Reading data from Warp 10

The integration of WarpScript in Spark opens a vast number of opportunities for analyzing your time series data. Since the integration in Spark is at the DAG level, you can manipulate data coming from any source. For fast batch execution we recommend reading data from files on disk but it is sometimes necessary to read hot data directly from the Warp 10 Storage Engine.

Such access is possible as Warp 10 provides a Warp10InputFormat class which is a standard Hadoop InputFormat.

Using the Warp10InputFormat

The complete class for the Warp 10 Input Format is io.warp10.hadoop.Warp10InputFormat, it can be leveraged within Spark using the newAPIHadoopRDD method from the RDD class. The created RDD can then be converted into a DataFrame for processing in Spark SQL.

The Warp10InputFormat produces records with a Text key and a BytesWritable value, which are converted to String and binary when accessed in Spark.

The syntax for reading from Warp 10 is:

spark = SparkSession.builder.appName("WarpScript Spark App").getOrCreate()
sc = spark.sparkContext

rdd = sc.newAPIHadoopRDD('io.warp10.hadoop.Warp10InputFormat', 'org.apache.hadoop.io.Text', 'org.apache.hadoop.io.BytesWritable', conf=conf)

Where conf is a dict with the configuration for the Warp10InputFormat execution.

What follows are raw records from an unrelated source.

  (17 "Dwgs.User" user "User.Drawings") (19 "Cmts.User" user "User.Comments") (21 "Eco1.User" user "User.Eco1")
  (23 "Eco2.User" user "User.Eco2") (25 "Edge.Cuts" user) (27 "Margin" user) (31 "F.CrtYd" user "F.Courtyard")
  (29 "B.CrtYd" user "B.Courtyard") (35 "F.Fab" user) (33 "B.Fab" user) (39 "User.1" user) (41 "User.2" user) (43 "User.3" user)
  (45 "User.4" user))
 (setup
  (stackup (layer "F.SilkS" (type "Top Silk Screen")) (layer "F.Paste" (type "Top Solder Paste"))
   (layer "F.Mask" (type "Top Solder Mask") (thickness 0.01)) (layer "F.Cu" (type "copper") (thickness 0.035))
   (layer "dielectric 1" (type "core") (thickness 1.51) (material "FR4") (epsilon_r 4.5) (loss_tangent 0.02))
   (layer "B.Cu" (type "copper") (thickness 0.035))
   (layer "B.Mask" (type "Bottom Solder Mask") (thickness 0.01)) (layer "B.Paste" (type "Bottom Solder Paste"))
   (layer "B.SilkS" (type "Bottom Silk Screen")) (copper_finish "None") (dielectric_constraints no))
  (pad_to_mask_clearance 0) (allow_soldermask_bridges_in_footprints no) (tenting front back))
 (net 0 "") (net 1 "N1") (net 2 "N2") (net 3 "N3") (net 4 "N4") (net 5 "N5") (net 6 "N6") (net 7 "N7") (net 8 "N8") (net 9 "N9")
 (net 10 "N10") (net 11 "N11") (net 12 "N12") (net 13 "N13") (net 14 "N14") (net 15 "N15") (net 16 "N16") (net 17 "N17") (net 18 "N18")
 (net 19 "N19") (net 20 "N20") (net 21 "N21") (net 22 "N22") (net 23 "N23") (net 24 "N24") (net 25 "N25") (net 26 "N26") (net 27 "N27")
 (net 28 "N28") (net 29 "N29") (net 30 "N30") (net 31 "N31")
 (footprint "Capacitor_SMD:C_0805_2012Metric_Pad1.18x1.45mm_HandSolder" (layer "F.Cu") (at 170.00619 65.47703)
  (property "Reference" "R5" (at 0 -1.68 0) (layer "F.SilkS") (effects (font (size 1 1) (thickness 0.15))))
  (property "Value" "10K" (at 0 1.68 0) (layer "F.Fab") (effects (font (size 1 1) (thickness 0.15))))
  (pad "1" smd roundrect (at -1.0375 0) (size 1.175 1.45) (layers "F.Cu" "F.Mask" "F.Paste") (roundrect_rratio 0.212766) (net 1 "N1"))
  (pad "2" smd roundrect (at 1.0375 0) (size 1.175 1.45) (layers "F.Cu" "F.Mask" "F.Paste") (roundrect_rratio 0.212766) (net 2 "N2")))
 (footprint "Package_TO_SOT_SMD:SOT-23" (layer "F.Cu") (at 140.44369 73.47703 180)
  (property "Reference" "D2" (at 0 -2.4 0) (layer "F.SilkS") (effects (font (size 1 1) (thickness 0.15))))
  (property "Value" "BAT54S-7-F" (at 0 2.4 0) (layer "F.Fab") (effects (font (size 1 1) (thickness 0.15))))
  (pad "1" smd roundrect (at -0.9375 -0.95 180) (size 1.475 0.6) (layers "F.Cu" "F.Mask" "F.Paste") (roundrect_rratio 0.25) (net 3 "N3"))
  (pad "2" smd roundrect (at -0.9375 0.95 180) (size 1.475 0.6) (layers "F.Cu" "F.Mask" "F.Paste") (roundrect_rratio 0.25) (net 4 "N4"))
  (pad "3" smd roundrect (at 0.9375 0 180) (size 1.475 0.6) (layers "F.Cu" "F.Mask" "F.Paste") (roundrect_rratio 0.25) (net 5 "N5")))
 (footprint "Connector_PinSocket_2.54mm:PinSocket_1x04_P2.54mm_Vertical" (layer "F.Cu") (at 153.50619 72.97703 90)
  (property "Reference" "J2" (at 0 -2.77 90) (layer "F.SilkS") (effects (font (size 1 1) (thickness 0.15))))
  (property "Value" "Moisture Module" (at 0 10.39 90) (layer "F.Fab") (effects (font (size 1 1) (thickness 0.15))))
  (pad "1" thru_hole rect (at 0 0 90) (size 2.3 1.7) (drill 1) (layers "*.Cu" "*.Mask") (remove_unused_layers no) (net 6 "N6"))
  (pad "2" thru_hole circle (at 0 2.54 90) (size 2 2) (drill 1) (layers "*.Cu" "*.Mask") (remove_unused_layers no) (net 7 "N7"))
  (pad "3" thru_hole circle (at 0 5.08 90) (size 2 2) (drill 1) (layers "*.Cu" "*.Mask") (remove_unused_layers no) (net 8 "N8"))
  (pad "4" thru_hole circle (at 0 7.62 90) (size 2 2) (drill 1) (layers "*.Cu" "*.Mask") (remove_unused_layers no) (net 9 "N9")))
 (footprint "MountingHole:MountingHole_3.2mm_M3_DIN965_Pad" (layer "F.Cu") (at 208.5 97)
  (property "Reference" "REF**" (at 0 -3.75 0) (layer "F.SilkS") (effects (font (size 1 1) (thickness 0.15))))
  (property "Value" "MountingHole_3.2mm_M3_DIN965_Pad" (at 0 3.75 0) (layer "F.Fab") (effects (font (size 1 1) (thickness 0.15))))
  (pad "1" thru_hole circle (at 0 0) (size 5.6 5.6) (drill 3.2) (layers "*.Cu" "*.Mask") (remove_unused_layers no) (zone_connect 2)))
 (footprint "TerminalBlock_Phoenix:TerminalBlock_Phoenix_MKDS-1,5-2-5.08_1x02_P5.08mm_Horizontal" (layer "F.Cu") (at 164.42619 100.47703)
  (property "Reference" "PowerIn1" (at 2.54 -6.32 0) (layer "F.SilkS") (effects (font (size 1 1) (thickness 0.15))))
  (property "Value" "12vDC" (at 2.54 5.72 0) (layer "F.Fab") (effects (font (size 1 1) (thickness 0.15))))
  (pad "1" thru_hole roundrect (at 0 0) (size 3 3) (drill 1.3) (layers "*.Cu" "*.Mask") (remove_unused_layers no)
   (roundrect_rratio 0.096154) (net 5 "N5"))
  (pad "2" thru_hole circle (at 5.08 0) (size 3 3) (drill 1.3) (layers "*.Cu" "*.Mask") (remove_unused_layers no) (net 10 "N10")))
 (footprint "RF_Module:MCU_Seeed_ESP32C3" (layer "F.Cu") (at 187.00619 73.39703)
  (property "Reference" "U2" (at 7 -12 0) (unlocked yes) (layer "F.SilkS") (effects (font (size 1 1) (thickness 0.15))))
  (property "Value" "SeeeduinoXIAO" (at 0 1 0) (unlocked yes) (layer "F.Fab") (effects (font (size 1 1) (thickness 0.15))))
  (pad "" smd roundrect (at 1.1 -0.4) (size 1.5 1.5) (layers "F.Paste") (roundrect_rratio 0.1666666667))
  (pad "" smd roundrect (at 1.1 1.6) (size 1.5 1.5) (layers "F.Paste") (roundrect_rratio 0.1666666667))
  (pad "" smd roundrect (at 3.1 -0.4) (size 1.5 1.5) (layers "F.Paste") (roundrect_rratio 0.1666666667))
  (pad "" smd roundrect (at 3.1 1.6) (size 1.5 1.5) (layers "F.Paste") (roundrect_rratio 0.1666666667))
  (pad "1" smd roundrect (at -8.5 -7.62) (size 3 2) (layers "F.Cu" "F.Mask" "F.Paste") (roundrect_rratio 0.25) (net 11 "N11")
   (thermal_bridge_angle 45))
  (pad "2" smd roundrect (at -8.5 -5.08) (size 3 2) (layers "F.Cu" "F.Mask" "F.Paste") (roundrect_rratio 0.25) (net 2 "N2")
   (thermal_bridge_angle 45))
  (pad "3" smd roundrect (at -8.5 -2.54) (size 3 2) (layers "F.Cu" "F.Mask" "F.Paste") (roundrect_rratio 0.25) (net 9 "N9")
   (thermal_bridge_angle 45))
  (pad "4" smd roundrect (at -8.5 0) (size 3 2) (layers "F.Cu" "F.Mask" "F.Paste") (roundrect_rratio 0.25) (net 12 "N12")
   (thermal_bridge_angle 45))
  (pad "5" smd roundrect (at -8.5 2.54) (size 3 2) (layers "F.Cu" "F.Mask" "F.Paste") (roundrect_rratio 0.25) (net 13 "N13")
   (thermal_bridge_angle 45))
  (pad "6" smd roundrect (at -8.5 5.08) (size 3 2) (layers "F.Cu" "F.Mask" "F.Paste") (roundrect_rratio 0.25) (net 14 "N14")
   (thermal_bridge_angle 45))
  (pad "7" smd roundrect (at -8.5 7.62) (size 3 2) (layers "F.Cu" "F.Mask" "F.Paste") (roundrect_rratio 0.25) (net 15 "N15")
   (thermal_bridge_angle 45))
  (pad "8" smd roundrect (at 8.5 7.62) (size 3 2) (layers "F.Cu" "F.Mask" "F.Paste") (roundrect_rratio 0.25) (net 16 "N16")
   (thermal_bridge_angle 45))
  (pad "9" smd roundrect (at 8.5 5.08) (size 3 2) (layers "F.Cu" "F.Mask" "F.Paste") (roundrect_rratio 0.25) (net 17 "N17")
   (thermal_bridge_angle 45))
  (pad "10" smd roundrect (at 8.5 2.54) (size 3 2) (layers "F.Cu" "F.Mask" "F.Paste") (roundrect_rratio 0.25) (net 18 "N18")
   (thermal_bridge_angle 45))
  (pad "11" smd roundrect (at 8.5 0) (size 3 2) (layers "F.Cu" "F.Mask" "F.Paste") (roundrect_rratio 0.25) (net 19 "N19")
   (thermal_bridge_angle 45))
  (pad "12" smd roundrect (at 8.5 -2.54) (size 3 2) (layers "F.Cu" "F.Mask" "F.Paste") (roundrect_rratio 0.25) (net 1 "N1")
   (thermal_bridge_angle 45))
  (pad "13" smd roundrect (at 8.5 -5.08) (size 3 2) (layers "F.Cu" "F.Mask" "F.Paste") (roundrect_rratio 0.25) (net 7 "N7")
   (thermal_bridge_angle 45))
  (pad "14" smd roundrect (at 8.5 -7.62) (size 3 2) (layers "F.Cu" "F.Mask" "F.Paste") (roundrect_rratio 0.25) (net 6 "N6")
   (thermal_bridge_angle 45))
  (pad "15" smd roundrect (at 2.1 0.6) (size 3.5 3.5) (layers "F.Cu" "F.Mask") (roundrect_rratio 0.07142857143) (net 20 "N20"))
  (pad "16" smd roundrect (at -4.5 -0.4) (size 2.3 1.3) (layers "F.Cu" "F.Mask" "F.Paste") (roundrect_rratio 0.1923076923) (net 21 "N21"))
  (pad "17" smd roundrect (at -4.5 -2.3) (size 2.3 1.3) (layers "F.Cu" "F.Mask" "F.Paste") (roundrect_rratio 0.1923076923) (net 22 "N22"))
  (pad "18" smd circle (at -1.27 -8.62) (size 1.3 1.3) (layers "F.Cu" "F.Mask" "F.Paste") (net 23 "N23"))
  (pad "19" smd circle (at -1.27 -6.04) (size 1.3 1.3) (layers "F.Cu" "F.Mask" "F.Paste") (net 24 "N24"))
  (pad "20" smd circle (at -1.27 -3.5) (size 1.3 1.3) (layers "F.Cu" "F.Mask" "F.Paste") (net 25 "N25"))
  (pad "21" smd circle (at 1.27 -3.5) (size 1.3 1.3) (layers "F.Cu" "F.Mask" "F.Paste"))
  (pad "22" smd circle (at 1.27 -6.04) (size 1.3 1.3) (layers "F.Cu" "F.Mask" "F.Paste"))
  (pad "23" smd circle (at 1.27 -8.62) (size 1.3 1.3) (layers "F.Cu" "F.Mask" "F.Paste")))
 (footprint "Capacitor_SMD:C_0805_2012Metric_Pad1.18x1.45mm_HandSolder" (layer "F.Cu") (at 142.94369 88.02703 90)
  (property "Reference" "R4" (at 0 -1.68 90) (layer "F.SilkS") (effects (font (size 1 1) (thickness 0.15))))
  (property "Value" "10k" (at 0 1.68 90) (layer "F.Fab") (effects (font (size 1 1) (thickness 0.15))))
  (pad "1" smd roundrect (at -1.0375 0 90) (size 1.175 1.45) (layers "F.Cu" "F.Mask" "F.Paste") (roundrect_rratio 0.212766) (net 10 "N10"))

The supported configuration keys are:

warp10.splits.endpointURL of the endpoint to access for retrieving splits. Typically http://HOST:PORT/api/v0/splits
warp10.fetcher.fallbacksComma separated list of hosts which can server as fallback fetchers in case one of the fetchers defined for a split is unavailable
warp10.fetcher.fallbacksonlyBoolean indicating whether to use the fetchers ('false') or only the fallbacks ('true'). Set to 'true' when retrieving data from a standalone Warp 10
warp10.fetcher.protocolProtocol to use when talking to the fetchers, defaults to http
warp10.fetcher.portPort to use when talking to the fetchers, defaults to 8881
warp10.fetcher.pathURL patch of the fetcher endpoint, defaults to /api/v0/sfetch
warp10.splits.selectorGeo Time Series selector to use to retrieve the list of GTS, for example class{label1~regexp1}
warp10.splits.tokenToken to use for retrieving the list of Geo Time Series and later their datapoints
warp10.http.connect.timeoutConnection timeout to the splits and sfetch endpoints. Defaults to 10000 ms
warp10.http.read.timeoutRead timeout for the splits and sfetch endpoints, also defaults to 10000 ms
warp10.fetch.nowTimestamp to use as the now parameter for the datapoints retrieval
warp10.fetch.timespanTimespan to use for the datapoints retrieval
warp10.max.combined.splitsMaximum number of splits to combine in a single split. Each original split corresponds to a single Geo Time Series, do not set to let the InputFormat infer the right number for you
warp10.max.splitsMaximum number of splits to produce. The InputFormat will combine the individual splits to producer that many splits

The returned tuples have a key set to a wrapper ID, which can be safely ignored, and the values are wrapped Geo Time Series encoders which can be unwrapped using UNWRAP or UNWRAPENCODER.